I am looking for a lightweight affordable horse trailer to trailer my only horse locally. There is a 2003 Baron One Brenderup horse trailer for sale and I was wondering if anyone had any experience with one? I have read reviews of owners who absolutely love them, but are they safe? About how much are they worth? The side are made of phenolic resin, is that safe in the event of an accident? Thank you for your input.


----------



## BigGirlsRideWarmbloods (Mar 28, 2010)

I used to borrow my friends all time time and it was fantastic. I love them and swear by them, and in my own experience they are just as safe as any other horse trailer. They are so much lighter to pull and in turn, with the help of the electric breaking system, stopping is much easier and more fluid than a traditional trailer.
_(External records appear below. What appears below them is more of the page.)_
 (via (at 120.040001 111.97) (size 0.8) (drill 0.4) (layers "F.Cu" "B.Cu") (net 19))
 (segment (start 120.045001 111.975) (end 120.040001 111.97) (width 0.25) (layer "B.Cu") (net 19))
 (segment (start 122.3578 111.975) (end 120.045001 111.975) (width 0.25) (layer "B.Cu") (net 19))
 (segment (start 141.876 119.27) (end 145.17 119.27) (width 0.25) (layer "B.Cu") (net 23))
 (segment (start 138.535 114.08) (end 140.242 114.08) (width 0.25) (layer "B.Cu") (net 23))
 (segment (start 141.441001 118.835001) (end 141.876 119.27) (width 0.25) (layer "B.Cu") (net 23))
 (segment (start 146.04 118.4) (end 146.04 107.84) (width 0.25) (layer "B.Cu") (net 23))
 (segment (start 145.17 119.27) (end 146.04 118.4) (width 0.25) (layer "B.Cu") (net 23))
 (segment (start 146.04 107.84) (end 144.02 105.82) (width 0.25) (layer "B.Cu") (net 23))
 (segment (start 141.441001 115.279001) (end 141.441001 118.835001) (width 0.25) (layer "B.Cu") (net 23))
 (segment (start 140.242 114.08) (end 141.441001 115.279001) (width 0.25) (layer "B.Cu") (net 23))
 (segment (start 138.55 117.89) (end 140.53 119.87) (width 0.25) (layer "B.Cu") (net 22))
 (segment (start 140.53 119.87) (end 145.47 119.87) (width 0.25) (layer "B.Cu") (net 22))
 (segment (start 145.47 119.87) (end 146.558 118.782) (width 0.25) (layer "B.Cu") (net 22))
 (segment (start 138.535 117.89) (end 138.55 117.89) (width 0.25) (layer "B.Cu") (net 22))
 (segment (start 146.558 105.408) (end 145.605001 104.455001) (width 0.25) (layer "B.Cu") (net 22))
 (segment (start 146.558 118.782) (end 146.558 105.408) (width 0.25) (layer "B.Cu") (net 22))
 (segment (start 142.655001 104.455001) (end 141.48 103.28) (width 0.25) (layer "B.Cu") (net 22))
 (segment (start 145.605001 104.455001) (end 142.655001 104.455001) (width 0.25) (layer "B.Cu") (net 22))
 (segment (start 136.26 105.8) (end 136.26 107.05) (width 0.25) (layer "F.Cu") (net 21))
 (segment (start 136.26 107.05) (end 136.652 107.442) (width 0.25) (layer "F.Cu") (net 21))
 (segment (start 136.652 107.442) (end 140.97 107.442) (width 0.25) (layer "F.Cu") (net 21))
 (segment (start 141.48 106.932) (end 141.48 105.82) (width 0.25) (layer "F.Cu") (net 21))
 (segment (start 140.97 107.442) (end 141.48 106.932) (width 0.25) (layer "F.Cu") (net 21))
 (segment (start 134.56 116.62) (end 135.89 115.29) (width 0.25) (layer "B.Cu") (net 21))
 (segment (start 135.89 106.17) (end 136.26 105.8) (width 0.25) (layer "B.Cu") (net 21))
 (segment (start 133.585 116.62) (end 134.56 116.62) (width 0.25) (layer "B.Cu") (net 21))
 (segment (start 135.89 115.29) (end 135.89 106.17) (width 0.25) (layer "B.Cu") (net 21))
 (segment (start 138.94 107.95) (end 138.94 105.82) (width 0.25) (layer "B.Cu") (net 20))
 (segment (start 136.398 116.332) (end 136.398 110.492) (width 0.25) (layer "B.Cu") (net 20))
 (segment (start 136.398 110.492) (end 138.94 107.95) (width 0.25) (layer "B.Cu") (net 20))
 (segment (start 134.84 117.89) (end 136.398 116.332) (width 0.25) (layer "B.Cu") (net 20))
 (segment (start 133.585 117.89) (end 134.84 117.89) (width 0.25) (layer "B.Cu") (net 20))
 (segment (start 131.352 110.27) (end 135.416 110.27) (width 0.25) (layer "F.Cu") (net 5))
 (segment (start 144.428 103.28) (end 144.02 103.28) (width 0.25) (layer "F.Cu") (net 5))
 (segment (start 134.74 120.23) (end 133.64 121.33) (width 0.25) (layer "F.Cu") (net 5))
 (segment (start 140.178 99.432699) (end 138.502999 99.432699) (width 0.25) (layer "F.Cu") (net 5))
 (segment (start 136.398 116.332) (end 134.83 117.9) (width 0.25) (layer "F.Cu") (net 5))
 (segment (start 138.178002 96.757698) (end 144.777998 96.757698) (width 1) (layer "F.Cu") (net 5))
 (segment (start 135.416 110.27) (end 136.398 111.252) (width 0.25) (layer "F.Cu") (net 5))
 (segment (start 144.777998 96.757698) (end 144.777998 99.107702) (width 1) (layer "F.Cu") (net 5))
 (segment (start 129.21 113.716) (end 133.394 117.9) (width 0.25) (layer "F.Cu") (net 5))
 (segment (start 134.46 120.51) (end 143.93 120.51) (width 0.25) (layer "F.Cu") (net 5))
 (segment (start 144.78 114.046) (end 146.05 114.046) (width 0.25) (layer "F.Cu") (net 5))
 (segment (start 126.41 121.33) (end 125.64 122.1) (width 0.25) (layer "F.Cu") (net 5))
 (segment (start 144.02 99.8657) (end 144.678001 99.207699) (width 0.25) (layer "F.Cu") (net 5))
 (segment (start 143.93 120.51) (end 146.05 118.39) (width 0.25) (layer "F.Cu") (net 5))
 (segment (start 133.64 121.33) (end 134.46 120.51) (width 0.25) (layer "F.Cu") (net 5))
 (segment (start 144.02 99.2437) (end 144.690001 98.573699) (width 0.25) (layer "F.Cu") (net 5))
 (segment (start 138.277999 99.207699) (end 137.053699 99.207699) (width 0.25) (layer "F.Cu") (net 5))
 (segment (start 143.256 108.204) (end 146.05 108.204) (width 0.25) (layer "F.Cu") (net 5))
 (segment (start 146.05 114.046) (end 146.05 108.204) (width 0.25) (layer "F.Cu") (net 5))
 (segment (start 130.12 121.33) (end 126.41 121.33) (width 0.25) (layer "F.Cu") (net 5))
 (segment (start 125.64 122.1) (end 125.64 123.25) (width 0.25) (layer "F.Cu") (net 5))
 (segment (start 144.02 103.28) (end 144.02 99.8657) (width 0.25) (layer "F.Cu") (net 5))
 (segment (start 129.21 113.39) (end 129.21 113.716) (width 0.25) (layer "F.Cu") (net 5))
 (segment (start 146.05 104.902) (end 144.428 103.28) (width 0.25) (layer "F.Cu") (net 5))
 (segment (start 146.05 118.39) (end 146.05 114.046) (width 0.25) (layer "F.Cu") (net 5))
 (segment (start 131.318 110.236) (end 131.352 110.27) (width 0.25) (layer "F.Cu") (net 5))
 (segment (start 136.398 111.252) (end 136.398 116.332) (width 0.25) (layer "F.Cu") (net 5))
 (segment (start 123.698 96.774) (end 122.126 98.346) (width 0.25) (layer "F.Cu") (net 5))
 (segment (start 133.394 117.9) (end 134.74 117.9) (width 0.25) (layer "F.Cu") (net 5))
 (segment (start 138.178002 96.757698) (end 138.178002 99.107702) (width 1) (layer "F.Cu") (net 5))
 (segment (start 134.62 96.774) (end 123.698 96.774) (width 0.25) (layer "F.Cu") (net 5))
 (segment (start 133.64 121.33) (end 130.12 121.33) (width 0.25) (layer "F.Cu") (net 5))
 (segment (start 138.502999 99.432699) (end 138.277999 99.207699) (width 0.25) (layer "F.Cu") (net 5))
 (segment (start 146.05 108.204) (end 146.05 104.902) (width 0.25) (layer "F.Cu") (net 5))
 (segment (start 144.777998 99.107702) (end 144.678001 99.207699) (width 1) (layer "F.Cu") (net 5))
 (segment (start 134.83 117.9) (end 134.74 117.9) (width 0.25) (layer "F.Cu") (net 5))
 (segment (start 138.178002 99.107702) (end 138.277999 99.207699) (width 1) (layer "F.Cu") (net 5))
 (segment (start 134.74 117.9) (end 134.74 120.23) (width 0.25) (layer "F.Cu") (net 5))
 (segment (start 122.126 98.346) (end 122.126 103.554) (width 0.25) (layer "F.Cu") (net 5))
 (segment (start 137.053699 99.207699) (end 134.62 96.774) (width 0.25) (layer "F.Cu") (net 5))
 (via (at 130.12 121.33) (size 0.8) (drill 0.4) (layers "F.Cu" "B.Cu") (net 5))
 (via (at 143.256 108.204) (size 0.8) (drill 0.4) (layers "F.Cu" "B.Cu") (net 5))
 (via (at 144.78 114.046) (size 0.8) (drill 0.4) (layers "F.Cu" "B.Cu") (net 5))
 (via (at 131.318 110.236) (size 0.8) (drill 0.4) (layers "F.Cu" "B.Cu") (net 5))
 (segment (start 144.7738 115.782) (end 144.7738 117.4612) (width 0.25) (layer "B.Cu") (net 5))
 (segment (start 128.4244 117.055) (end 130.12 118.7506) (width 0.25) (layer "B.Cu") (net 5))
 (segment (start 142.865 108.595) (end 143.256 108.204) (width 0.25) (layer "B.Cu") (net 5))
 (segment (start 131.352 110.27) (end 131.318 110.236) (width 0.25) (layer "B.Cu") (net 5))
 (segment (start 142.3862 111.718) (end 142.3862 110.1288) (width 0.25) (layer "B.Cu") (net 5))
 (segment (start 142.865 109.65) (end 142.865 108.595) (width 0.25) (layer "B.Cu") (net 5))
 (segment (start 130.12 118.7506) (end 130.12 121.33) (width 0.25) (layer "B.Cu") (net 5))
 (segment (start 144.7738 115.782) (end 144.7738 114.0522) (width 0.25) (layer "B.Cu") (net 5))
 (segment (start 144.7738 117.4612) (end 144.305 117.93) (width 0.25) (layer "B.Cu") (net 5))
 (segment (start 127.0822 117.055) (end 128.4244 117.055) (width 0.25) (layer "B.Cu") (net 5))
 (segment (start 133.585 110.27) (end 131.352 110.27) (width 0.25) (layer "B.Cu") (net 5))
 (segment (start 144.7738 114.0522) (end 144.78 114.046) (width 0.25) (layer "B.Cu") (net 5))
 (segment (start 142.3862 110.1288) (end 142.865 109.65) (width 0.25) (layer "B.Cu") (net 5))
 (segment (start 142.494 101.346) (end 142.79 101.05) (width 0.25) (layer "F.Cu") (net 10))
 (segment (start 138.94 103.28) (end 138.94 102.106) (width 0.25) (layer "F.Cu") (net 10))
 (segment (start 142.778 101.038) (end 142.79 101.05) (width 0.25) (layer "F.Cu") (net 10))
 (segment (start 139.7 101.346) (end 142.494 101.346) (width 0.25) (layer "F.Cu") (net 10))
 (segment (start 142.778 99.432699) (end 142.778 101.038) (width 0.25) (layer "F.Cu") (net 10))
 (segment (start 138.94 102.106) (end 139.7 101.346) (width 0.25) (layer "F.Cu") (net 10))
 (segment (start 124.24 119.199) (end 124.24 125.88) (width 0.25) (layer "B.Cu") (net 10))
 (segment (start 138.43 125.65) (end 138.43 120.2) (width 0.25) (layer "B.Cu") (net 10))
I have a brand new 2012 Circle J 2horse slant, alumninum skinned trailer with electric breaks, but it still takes me FOREVER AND A DAY to stop. Which means that when some one (enevitably) cuts me off its easier to stop or avoid accidents.

I will say that Brenderup is no longer in business but I'm not sure why, so the availability of parts, repairs and service in the future is unknown.

That being said the Brenderups are clones of European trailers that are now starting to make headway in the US. There may be some crossover but the field is new and uncertain.

I would say evaluate it like you would any other trailer, including future maintenence.


----------



## Sweeney Road (Feb 12, 2012)

What companies are producing Brenderup-like trailers in the US now?


----------